_Aim of the exercise_.
Reproduce word for word, from the entries below, the line with "X126180000Y-47480000D01*", the line with "X149.86Y-38.1", and every line between them, and nothing more.

══ Dataset extract ══

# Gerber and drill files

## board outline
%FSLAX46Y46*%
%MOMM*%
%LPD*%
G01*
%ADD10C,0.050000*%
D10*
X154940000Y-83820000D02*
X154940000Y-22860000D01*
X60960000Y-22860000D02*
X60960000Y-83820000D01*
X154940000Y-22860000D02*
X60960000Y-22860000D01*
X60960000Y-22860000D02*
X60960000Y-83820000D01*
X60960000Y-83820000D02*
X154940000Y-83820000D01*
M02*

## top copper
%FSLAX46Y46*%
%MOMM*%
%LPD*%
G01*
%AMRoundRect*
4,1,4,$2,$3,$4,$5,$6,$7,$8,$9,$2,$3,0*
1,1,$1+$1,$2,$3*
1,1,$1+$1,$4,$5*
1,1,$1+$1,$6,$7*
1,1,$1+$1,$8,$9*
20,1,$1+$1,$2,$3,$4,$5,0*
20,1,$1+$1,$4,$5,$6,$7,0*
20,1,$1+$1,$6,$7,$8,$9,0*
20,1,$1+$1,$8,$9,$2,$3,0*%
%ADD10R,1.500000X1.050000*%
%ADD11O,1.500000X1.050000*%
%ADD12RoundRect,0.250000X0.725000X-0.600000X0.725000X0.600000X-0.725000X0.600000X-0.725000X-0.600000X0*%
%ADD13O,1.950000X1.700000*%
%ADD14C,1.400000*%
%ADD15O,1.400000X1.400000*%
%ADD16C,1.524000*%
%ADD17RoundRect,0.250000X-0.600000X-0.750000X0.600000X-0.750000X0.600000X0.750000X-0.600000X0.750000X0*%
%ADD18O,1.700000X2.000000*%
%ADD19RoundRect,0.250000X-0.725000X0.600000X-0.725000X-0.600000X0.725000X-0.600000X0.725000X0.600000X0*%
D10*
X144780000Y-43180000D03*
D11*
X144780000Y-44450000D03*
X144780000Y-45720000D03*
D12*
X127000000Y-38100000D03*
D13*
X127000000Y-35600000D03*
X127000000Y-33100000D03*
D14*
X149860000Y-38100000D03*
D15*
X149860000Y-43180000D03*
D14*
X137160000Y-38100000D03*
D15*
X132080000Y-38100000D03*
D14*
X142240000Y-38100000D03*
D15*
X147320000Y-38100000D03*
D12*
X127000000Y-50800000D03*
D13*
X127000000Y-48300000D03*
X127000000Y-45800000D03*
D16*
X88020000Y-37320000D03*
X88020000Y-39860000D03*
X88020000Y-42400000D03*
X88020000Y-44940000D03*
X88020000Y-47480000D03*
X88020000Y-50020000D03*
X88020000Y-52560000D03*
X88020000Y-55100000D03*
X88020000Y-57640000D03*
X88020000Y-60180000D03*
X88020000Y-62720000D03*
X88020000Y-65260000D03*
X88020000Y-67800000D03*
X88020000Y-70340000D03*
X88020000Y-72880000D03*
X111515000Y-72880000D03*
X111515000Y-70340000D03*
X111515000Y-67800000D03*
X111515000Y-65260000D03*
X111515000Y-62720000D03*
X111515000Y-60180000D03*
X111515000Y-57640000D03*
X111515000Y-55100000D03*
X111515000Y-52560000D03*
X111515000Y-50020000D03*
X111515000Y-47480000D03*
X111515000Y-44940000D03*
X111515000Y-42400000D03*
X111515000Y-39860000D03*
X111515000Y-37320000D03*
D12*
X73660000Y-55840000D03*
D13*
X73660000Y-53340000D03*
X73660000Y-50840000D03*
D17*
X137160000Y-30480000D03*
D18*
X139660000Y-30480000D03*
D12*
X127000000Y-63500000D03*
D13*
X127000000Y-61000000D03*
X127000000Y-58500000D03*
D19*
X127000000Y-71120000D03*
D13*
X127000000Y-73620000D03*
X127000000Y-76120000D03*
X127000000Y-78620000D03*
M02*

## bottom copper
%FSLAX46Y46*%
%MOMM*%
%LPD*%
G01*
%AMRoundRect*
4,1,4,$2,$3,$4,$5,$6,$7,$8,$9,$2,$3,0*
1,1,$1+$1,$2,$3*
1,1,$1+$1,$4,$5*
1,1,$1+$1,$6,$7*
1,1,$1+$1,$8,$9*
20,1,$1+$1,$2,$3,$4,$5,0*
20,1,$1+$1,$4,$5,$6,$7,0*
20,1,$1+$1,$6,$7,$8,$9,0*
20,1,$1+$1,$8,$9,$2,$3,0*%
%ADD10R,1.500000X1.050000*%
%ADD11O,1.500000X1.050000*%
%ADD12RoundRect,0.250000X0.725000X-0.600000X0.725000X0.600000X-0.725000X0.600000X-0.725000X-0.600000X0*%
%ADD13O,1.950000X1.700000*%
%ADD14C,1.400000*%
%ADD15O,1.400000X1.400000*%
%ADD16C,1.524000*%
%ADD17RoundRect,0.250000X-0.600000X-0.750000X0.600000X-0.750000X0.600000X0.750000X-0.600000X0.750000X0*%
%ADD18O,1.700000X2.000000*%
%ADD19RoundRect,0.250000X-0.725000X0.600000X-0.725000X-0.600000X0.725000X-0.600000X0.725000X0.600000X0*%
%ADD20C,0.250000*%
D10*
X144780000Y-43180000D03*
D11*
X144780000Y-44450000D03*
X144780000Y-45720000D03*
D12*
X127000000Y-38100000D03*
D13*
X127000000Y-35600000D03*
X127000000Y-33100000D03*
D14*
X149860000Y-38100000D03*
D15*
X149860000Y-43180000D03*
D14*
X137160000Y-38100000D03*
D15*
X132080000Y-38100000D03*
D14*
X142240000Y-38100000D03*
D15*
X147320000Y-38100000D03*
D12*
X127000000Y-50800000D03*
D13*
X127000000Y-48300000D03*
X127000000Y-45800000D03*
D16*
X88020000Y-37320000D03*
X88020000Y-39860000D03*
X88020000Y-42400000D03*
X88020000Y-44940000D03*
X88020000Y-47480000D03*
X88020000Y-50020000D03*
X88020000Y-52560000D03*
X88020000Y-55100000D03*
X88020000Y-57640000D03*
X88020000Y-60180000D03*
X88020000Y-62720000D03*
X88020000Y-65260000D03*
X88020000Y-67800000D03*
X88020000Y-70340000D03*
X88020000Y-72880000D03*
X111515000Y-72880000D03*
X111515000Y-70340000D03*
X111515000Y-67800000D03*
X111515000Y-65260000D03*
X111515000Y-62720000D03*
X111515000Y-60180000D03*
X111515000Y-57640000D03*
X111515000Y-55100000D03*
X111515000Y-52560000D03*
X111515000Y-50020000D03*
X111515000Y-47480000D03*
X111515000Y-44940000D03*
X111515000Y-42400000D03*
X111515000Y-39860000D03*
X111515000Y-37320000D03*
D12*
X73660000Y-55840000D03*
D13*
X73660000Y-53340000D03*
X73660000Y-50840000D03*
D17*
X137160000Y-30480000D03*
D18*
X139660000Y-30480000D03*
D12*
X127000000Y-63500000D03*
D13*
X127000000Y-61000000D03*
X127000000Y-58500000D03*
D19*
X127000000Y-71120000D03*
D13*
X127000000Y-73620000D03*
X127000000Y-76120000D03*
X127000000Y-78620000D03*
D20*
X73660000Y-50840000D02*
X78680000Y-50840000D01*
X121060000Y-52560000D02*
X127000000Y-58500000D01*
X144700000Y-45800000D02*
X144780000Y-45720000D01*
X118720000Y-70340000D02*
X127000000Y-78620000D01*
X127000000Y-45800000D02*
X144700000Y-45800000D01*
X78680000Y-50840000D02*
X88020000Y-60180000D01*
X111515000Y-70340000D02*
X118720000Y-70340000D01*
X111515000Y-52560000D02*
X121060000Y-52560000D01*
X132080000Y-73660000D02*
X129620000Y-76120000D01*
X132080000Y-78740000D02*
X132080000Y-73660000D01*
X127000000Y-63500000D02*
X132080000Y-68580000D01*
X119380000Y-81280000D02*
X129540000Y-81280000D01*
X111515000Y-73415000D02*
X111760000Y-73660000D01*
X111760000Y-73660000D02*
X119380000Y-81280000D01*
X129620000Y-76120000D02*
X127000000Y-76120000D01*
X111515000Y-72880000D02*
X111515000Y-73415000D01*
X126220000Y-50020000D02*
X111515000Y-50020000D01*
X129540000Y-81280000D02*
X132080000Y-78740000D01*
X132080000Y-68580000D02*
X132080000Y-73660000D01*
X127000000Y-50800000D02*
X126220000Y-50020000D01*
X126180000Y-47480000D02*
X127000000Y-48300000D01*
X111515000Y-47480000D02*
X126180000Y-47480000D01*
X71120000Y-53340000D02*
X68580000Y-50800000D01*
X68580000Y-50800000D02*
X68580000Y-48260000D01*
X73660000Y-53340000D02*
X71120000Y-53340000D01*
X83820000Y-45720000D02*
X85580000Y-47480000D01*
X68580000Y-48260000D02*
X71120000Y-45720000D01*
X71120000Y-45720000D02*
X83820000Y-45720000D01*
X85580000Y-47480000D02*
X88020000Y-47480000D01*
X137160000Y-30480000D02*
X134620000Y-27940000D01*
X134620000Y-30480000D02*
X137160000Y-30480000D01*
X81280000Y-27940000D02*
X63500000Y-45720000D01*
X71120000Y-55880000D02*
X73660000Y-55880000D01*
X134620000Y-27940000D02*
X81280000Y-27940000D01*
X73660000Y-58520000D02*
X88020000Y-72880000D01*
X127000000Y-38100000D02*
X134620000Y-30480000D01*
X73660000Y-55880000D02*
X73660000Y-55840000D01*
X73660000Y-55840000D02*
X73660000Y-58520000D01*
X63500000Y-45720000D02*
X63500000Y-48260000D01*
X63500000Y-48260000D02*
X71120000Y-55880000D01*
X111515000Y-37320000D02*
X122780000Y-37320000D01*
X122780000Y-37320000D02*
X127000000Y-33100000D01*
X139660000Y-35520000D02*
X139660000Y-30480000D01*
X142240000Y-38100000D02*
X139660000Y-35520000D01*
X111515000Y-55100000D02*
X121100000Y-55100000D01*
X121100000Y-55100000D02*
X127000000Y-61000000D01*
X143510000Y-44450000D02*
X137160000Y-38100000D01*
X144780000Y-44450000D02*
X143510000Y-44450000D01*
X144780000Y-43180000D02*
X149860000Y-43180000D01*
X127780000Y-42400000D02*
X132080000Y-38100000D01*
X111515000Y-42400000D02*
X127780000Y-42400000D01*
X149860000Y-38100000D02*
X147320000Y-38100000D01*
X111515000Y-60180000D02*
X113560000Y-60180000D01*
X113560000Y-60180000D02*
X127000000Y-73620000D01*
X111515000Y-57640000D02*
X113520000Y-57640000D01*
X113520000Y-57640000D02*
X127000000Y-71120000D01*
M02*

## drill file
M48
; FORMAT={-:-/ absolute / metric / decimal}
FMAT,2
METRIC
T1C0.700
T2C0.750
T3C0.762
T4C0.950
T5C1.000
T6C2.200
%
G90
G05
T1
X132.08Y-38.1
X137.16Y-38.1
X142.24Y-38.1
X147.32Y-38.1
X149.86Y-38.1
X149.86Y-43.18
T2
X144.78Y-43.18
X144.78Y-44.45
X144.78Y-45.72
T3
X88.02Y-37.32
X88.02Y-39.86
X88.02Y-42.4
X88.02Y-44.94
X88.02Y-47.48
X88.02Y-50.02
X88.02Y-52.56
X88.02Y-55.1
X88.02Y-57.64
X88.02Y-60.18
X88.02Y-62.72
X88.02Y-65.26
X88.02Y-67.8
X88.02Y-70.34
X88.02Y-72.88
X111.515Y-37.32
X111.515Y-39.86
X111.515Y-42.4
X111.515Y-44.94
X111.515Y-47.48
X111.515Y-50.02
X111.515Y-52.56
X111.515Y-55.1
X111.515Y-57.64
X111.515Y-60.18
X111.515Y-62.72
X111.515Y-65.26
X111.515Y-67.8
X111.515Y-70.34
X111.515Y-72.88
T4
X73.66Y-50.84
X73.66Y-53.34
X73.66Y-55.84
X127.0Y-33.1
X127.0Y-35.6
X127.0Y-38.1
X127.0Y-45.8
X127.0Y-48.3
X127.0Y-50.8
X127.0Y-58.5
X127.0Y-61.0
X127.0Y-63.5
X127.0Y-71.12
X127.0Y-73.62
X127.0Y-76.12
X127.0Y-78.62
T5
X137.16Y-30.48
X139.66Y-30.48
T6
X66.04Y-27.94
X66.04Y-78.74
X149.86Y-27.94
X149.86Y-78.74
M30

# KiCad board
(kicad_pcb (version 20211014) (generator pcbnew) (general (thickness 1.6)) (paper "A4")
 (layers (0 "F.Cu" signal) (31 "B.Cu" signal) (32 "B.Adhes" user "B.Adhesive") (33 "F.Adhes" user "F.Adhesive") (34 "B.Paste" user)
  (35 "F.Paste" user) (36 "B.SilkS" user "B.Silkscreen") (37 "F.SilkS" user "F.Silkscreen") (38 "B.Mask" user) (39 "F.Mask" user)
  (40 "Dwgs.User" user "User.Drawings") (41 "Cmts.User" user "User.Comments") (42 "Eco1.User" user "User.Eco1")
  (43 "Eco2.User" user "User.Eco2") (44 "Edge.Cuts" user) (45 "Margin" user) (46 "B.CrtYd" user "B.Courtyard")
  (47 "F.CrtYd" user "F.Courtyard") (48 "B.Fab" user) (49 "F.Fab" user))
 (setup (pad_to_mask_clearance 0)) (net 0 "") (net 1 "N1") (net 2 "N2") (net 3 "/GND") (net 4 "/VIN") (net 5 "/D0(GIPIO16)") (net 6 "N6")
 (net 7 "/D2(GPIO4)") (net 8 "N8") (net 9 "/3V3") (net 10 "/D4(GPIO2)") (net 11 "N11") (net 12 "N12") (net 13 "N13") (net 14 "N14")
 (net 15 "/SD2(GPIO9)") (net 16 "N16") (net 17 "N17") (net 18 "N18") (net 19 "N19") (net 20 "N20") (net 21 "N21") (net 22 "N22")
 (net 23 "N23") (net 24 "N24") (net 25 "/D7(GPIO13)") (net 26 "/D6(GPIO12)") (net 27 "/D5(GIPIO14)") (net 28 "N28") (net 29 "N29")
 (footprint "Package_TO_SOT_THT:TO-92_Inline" (layer "F.Cu") (at 144.78 43.18 -90)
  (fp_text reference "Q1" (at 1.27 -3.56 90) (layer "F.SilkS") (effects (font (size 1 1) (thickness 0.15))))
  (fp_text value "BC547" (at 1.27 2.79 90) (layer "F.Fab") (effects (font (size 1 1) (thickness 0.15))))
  (pad "1" thru_hole rect (at 0 0 270) (size 1.05 1.5) (drill 0.75) (layers *.Cu *.Mask) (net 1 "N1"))
  (pad "2" thru_hole oval (at 1.27 0 270) (size 1.05 1.5) (drill 0.75) (layers *.Cu *.Mask) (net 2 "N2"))
  (pad "3" thru_hole oval (at 2.54 0 270) (size 1.05 1.5) (drill 0.75) (layers *.Cu *.Mask) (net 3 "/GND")))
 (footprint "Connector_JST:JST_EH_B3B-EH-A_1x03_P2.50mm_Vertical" (layer "F.Cu") (at 127 38.1 90)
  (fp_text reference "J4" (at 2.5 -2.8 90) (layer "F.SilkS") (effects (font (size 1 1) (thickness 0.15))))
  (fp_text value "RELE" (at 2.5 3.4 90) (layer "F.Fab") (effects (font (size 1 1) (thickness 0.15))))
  (pad "1" thru_hole roundrect (at 0 0 90) (size 1.7 1.95) (drill 0.95) (layers *.Cu *.Mask) (roundrect_rratio 0.147059) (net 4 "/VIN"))
  (pad "2" thru_hole oval (at 2.5 0 90) (size 1.7 1.95) (drill 0.95) (layers *.Cu *.Mask) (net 3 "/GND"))
  (pad "3" thru_hole oval (at 5 0 90) (size 1.7 1.95) (drill 0.95) (layers *.Cu *.Mask) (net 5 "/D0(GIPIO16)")))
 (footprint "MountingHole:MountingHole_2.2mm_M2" (layer "F.Cu") (at 149.86 78.74)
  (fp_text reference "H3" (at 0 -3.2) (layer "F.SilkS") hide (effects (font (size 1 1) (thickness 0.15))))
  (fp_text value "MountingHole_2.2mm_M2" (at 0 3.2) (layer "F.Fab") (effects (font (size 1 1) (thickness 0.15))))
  (pad "" np_thru_hole circle (at 0 0) (size 2.2 2.2) (drill 2.2) (layers *.Cu *.Mask)))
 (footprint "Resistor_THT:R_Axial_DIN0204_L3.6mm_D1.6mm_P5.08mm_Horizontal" (layer "F.Cu") (at 149.86 38.1 -90)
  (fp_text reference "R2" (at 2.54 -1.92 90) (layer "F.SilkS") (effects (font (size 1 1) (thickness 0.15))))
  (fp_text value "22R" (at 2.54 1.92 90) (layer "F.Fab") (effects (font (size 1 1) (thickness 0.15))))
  (pad "1" thru_hole circle (at 0 0 270) (size 1.4 1.4) (drill 0.7) (layers *.Cu *.Mask) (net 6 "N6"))
  (pad "2" thru_hole oval (at 5.08 0 270) (size 1.4 1.4) (drill 0.7) (layers *.Cu *.Mask) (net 1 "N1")))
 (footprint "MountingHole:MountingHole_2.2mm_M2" (layer "F.Cu") (at 66.04 78.74)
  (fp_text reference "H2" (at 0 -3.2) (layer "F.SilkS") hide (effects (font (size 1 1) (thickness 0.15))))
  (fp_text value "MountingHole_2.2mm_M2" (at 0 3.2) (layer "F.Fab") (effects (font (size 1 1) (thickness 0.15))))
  (pad "" np_thru_hole circle (at 0 0) (size 2.2 2.2) (drill 2.2) (layers *.Cu *.Mask)))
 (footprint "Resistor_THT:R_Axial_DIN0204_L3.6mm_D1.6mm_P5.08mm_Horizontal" (layer "F.Cu") (at 137.16 38.1 180)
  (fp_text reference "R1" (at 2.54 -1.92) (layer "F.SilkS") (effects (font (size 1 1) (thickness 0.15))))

═══

_Answer box_.
X126180000Y-47480000D01*
X71120000Y-53340000D02*
X68580000Y-50800000D01*
X68580000Y-50800000D02*
X68580000Y-48260000D01*
X73660000Y-53340000D02*
X71120000Y-53340000D01*
X83820000Y-45720000D02*
X85580000Y-47480000D01*
X68580000Y-48260000D02*
X71120000Y-45720000D01*
X71120000Y-45720000D02*
X83820000Y-45720000D01*
X85580000Y-47480000D02*
X88020000Y-47480000D01*
X137160000Y-30480000D02*
X134620000Y-27940000D01*
X134620000Y-30480000D02*
X137160000Y-30480000D01*
X81280000Y-27940000D02*
X63500000Y-45720000D01*
X71120000Y-55880000D02*
X73660000Y-55880000D01*
X134620000Y-27940000D02*
X81280000Y-27940000D01*
X73660000Y-58520000D02*
X88020000Y-72880000D01*
X127000000Y-38100000D02*
X134620000Y-30480000D01*
X73660000Y-55880000D02*
X73660000Y-55840000D01*
X73660000Y-55840000D02*
X73660000Y-58520000D01*
X63500000Y-45720000D02*
X63500000Y-48260000D01*
X63500000Y-48260000D02*
X71120000Y-55880000D01*
X111515000Y-37320000D02*
X122780000Y-37320000D01*
X122780000Y-37320000D02*
X127000000Y-33100000D01*
X139660000Y-35520000D02*
X139660000Y-30480000D01*
X142240000Y-38100000D02*
X139660000Y-35520000D01*
X111515000Y-55100000D02*
X121100000Y-55100000D01*
X121100000Y-55100000D02*
X127000000Y-61000000D01*
X143510000Y-44450000D02*
X137160000Y-38100000D01*
X144780000Y-44450000D02*
X143510000Y-44450000D01*
X144780000Y-43180000D02*
X149860000Y-43180000D01*
X127780000Y-42400000D02*
X132080000Y-38100000D01*
X111515000Y-42400000D02*
X127780000Y-42400000D01*
X149860000Y-38100000D02*
X147320000Y-38100000D01*
X111515000Y-60180000D02*
X113560000Y-60180000D01*
X113560000Y-60180000D02*
X127000000Y-73620000D01*
X111515000Y-57640000D02*
X113520000Y-57640000D01*
X113520000Y-57640000D02*
X127000000Y-71120000D01*
M02*

## drill file
M48
; FORMAT={-:-/ absolute / metric / decimal}
FMAT,2
METRIC
T1C0.700
T2C0.750
T3C0.762
T4C0.950
T5C1.000
T6C2.200
%
G90
G05
T1
X132.08Y-38.1
X137.16Y-38.1
X142.24Y-38.1
X147.32Y-38.1
X149.86Y-38.1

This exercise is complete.